フルートらの繊細な陰影と弾力あるリズム・セクションのコンビネーションがおもしろい。
THE BEATLES のサイケデリック時代に通じる作風だ。
「Piece Of Mind」(4:00)
(LRCD 102)
Eero Raittinen | vocals, percussion |
Pekka Poyry | soprano & tenor saxes, flute, organ, backing vocals |
Jukka Tolonen | guitar |
Mans Groundstroem | bass |
Vesa Aaltonen | drums |
2019 年発表の作品「Live In Lambertland」。
1972 年「Lambert Land」プロモーションのライヴ録音。
CD 二枚組。
CD 一枚目は 1972 年 8 月 17 日、ヘルシンキのレストランでの録音。観客は静かめ。
CD 二枚目の 1、2 曲目は 1972 年 9 月 4 日、ヘルシンキの「Eastern Pop」コンサート(OMEGA や MODRY EFEKT も参加したらしい)での収録。3 曲目以降は 1972 年 7 月 10 日、ヘルシンキの大学での収録。
内容は北欧らしいペーソスと英国風のメランコリーを盛り込んだソウルフルで熱いジャズロック。
ライヴらしく楽曲のアドリヴ・パートを大幅に拡充。
トローネンはワウワウ・ギターで哀愁のアルペジオとグルーヴィなコードワークまでバッキングでもソロでも縦横無尽に動き回る。

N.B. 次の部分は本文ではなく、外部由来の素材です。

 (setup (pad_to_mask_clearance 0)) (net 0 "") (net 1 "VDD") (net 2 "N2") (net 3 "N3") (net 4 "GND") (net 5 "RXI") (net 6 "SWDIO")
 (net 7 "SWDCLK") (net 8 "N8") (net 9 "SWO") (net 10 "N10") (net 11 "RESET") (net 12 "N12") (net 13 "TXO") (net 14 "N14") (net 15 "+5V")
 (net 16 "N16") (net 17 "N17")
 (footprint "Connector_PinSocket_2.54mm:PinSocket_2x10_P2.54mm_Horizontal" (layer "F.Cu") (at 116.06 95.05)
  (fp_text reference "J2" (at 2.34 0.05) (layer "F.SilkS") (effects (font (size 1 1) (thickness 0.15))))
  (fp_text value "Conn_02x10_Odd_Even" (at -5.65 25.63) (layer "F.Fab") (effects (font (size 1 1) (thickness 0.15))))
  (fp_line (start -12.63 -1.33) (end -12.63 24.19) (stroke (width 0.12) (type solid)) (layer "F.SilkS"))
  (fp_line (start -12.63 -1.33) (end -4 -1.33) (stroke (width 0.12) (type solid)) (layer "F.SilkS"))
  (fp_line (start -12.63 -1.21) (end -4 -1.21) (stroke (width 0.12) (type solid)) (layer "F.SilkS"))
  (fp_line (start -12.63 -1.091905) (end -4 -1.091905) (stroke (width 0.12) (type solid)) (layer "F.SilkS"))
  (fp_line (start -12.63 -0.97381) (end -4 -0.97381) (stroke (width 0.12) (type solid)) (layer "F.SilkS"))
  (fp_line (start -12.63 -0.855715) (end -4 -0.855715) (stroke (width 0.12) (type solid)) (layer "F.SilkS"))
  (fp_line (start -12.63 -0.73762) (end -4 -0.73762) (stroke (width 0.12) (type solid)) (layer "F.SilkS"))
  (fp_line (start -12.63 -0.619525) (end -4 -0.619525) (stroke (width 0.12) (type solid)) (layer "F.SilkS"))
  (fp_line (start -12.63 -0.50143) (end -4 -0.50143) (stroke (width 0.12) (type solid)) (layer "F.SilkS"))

そのギターとともにツートップなのがペッカ・ポイリのソプラノ・サックス。
抜群に存在感ある音色で軽やかにギターに絡みアンサンブルをリードする。
全体にハードにしてルーズな「ロック」のグルーヴあり。
ヴォーカル(英語)は B 級クリス・ファーロウながらも英語は不自然ではない。
「Celebration Of The Saved Nine / The Bargain」(13:00)
「Lounge」(12:36)ポイリは後半オルガンに従事。シャープな反復がドライヴするルーズな即興。
「Lambertland」(8:08)物憂くも幻想的な名曲。トローネンのギターの表現力がみごと。ポイリがサックスに復帰。
「Dance」(14:19)なんとなくザッパを連想する作品。いいグルーヴです。
「The Bargain」(13:40)
「Ramblin'」(11:52)ハイテンションの名演。
「Lambertland」(6:20)このヒネクレ感は英国風というべきでしょう。ヴォーカルがデイヴ・ローソンに聞こえてくる。